Ver. 4-7.  There are diversities of graces.  Lit. divisions of graces; but all from the same spirit, from the same Lord, from the same God: and all these gifts are designed, and to be made use of for the profit of the faithful.  Wi.

 

--- S. Justin Mar. S. Irenæus, and Origen bear testimony, that these special gifts of the Holy Ghost were not unusual in their time.  S. Paul, in order to curb the vanity of such as seemed to be a little puffed up with the gifts they had received, and likewise to comfort those who had received no such spiritual and extraordinary favours, wishes to teach both parties, that the same Holy Spirit distributes these graces according as they are more conducive to the welfare of his Church, and the glory of God.  Calmet.

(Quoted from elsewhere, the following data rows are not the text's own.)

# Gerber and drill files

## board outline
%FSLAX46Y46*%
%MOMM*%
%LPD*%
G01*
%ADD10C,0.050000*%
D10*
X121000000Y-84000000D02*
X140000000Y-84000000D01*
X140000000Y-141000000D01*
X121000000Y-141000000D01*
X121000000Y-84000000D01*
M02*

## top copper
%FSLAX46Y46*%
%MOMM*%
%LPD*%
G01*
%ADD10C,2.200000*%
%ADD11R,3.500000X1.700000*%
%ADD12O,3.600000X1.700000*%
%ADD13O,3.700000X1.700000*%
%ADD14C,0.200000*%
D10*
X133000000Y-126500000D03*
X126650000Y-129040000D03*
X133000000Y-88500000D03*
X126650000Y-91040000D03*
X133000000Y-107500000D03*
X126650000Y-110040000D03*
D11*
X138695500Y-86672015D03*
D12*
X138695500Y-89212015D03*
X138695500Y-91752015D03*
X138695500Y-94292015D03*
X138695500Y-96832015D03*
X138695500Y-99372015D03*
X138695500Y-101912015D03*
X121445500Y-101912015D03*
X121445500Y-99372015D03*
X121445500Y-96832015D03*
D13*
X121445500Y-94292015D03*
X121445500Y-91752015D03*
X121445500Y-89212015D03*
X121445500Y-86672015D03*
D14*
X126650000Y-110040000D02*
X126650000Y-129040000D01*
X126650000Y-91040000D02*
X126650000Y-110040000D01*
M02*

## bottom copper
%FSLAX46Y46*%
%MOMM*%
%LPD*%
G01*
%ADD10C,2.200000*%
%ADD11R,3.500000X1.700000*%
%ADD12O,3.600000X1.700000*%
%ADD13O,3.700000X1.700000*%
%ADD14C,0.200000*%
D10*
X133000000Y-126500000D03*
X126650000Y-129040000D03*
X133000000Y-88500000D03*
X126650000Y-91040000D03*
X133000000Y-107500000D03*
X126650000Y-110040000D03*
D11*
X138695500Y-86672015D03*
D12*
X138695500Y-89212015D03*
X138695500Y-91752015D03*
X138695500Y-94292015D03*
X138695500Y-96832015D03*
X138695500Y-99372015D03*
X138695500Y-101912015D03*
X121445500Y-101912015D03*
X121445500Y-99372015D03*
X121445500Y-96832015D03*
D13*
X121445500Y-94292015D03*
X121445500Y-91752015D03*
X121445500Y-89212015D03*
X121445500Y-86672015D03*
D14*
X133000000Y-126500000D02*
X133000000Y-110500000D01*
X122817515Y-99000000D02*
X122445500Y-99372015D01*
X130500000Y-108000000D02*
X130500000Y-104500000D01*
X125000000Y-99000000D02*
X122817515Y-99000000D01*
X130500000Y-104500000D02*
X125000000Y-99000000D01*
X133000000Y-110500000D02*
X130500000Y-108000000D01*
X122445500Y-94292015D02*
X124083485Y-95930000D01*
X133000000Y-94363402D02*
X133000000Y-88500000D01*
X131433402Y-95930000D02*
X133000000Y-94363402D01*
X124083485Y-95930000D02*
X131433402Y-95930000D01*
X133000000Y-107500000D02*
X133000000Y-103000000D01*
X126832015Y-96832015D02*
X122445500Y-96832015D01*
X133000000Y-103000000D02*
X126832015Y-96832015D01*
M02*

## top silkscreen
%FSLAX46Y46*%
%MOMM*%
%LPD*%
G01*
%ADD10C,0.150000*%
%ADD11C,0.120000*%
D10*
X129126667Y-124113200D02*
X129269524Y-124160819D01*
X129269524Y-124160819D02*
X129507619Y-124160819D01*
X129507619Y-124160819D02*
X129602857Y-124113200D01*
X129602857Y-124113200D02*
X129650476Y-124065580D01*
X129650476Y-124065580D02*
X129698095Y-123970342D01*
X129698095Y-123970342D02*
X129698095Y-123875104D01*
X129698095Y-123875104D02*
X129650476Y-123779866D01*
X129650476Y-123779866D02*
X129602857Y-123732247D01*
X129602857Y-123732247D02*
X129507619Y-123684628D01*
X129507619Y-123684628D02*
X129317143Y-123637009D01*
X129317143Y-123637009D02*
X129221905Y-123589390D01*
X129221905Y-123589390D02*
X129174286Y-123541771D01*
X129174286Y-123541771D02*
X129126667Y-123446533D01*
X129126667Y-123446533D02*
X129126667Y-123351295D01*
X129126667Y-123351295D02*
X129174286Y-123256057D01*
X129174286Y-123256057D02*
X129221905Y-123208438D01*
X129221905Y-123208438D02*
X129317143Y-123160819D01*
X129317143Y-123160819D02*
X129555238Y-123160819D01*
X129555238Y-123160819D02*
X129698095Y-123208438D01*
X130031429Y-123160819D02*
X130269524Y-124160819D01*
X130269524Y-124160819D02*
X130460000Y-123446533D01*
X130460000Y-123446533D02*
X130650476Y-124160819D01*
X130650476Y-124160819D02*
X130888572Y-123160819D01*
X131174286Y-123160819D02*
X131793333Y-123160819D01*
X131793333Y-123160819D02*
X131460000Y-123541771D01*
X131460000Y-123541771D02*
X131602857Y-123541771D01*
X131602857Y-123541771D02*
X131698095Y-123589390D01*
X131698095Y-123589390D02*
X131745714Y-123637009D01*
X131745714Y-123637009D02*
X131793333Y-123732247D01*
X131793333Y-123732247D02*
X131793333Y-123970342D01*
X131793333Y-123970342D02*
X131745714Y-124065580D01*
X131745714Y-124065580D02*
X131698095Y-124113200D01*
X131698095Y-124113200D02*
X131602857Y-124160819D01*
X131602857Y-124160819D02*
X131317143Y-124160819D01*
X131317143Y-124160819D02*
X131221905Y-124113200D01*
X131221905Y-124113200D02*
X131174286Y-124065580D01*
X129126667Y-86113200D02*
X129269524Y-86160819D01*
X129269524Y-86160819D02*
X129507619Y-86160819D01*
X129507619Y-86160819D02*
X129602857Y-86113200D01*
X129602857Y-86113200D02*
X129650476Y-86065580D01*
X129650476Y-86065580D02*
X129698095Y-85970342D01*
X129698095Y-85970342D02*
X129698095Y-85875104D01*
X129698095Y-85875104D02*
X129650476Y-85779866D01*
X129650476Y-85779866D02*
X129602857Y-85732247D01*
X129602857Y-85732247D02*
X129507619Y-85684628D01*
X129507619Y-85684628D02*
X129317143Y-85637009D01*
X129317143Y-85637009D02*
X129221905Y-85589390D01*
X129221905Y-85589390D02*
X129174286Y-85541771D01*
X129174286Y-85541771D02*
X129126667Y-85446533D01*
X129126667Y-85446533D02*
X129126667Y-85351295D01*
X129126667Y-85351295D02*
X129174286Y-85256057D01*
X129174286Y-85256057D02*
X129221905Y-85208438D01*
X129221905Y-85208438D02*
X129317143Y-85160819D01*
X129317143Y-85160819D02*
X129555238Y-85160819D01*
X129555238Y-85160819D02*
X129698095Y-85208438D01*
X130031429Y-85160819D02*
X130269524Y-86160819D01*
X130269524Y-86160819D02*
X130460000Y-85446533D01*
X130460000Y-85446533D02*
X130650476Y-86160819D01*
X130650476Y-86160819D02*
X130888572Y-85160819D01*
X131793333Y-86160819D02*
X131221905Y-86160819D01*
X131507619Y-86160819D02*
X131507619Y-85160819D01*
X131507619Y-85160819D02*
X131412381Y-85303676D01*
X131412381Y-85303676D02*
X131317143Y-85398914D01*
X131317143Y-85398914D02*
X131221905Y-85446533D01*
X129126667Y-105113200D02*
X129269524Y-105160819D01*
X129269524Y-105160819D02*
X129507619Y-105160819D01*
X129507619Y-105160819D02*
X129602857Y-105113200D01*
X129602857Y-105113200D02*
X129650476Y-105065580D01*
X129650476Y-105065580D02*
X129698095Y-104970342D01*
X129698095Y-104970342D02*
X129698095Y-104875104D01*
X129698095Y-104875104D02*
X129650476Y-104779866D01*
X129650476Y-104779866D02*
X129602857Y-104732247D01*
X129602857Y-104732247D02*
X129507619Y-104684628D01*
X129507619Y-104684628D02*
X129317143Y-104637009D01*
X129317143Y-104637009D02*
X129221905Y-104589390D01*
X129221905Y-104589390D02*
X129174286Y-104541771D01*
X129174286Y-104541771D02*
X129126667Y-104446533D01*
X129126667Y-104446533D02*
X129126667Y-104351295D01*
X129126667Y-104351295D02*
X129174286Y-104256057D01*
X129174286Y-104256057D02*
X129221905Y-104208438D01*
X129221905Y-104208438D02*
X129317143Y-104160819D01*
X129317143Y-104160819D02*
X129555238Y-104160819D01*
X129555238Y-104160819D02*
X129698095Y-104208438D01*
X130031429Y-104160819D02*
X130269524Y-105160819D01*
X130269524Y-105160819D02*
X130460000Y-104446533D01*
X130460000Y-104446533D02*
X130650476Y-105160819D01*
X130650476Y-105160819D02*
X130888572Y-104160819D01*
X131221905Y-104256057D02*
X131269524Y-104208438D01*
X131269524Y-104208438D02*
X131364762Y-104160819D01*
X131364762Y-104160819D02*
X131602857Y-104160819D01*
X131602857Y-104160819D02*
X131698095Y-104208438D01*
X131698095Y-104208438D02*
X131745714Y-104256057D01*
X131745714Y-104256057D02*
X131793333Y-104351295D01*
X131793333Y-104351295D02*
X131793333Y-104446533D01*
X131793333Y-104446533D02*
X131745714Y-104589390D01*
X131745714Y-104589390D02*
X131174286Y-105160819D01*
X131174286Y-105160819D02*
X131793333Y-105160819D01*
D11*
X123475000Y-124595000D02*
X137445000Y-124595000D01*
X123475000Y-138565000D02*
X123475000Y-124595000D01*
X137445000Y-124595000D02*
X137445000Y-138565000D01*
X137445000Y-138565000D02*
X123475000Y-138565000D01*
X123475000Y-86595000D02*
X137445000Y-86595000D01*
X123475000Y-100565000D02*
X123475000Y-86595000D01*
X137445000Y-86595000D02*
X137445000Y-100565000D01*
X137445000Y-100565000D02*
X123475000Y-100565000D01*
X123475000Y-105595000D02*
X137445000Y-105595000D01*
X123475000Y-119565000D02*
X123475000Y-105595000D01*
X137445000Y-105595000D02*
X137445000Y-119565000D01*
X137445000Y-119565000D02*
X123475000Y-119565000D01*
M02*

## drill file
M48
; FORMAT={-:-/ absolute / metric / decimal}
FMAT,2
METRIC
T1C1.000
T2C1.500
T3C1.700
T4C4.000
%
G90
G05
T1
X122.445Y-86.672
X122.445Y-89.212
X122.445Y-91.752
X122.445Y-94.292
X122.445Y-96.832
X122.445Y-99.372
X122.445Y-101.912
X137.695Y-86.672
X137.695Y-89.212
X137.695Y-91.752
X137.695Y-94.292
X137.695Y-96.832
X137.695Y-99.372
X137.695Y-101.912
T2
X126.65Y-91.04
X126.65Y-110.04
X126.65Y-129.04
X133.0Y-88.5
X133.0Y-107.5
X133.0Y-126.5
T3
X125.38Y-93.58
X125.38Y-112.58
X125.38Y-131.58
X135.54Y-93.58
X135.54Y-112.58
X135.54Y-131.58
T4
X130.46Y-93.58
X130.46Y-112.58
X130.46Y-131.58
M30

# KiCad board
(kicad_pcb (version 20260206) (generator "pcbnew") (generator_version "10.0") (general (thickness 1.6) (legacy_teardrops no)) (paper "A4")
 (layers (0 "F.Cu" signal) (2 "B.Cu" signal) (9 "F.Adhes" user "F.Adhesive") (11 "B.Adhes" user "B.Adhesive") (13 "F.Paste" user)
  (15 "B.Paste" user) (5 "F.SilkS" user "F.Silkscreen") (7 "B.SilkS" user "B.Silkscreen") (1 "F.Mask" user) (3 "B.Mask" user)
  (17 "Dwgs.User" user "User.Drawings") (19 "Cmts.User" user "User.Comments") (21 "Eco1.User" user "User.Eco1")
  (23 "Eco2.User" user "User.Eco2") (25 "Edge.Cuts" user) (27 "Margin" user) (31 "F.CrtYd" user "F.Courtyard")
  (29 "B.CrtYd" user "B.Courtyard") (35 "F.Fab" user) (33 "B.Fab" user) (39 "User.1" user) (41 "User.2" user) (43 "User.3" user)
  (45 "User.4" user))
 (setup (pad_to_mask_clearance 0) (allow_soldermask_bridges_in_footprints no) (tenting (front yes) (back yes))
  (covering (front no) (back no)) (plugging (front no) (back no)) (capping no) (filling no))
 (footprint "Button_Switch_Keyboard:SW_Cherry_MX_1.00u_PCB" (layer "F.Cu") (at 133 126.5)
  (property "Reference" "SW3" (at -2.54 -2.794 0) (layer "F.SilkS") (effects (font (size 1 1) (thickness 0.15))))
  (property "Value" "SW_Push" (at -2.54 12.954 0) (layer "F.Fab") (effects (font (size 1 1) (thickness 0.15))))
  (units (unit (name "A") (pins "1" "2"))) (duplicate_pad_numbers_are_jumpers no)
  (fp_line (start -9.525 -1.905) (end 4.445 -1.905) (stroke (width 0.12) (type solid)) (layer "F.SilkS"))
  (fp_line (start -9.525 12.065) (end -9.525 -1.905) (stroke (width 0.12) (type solid)) (layer "F.SilkS"))
  (fp_line (start 4.445 -1.905) (end 4.445 12.065) (stroke (width 0.12) (type solid)) (layer "F.SilkS"))
  (fp_line (start 4.445 12.065) (end -9.525 12.065) (stroke (width 0.12) (type solid)) (layer "F.SilkS"))
  (pad "" np_thru_hole circle (at -7.62 5.08) (size 1.7 1.7) (drill 1.7) (layers "*.Cu" "*.Mask"))
  (pad "" np_thru_hole circle (at -2.54 5.08) (size 4 4) (drill 4) (layers "*.Cu" "*.Mask"))
  (pad "" np_thru_hole circle (at 2.54 5.08) (size 1.7 1.7) (drill 1.7) (layers "*.Cu" "*.Mask"))
  (pad "1" thru_hole circle (at 0 0) (size 2.2 2.2) (drill 1.5) (layers "*.Cu" "*.Mask") (remove_unused_layers no)
   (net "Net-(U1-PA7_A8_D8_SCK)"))
  (pad "2" thru_hole circle (at -6.35 2.54) (size 2.2 2.2) (drill 1.5) (layers "*.Cu" "*.Mask") (remove_unused_layers no) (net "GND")))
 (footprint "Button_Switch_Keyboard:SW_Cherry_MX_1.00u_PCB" (layer "F.Cu") (at 133 88.5)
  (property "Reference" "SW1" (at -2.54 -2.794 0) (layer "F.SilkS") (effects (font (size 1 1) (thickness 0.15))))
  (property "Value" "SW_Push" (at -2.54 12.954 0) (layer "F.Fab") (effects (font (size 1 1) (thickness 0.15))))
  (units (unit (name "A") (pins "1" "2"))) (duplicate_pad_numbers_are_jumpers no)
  (fp_line (start -9.525 -1.905) (end 4.445 -1.905) (stroke (width 0.12) (type solid)) (layer "F.SilkS"))
  (fp_line (start -9.525 12.065) (end -9.525 -1.905) (stroke (width 0.12) (type solid)) (layer "F.SilkS"))
  (fp_line (start 4.445 -1.905) (end 4.445 12.065) (stroke (width 0.12) (type solid)) (layer "F.SilkS"))
  (fp_line (start 4.445 12.065) (end -9.525 12.065) (stroke (width 0.12) (type solid)) (layer "F.SilkS"))
  (pad "" np_thru_hole circle (at -7.62 5.08) (size 1.7 1.7) (drill 1.7) (layers "*.Cu" "*.Mask"))
  (pad "" np_thru_hole circle (at -2.54 5.08) (size 4 4) (drill 4) (layers "*.Cu" "*.Mask"))
  (pad "" np_thru_hole circle (at 2.54 5.08) (size 1.7 1.7) (drill 1.7) (layers "*.Cu" "*.Mask"))
  (pad "1" thru_hole circle (at 0 0) (size 2.2 2.2) (drill 1.5) (layers "*.Cu" "*.Mask") (remove_unused_layers no)
   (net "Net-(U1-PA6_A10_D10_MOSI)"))
  (pad "2" thru_hole circle (at -6.35 2.54) (size 2.2 2.2) (drill 1.5) (layers "*.Cu" "*.Mask") (remove_unused_layers no) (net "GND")))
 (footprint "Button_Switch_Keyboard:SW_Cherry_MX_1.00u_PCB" (layer "F.Cu") (at 133 107.5)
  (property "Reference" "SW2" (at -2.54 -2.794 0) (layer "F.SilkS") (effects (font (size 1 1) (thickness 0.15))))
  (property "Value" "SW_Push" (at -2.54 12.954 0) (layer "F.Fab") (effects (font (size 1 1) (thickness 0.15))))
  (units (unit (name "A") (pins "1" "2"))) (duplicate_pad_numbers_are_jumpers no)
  (fp_line (start -9.525 -1.905) (end 4.445 -1.905) (stroke (width 0.12) (type solid)) (layer "F.SilkS"))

5 And there are diversities of ministries, but the same Lord; 6 And there are diversities of operations, but the same God, who worketh all in all. 7 And the manifestation of the Spirit is given to every man unto profit. 8 To one indeed, by the Spirit, is given the word of wisdom: and to another, the word of knowledge, according to the same Spirit;

Ver. 8, &c.  Word of wisdom, which differs from that of knowledge, inasmuch as wisdom is a more eminent and sublime knowledge.  These are numbered among the gifts of the Holy Ghost.  Isaias, c. xi.

 

--- To another faith, by which, says S. Chrys.,† is not here meant a belief of revealed truths, but an humble confidence of working miracles, grounded on faith, and on the power and goodness of God.

 

--- The same Spirit worketh, dividing to every one according as he will; by which words, they that valued themselves on the gifts of prophesying, and speaking tongues, are put in mind, that all these were purely the gifts of God, to whom alone the honour is due.  Wi.

 

[†]  V. 9.  Fides, pistiV, upon which word S. Chrys. om. kq. p. 433. pistin ou tauthn legwn, thn twn dogmatwn, alla thn shmeiwn.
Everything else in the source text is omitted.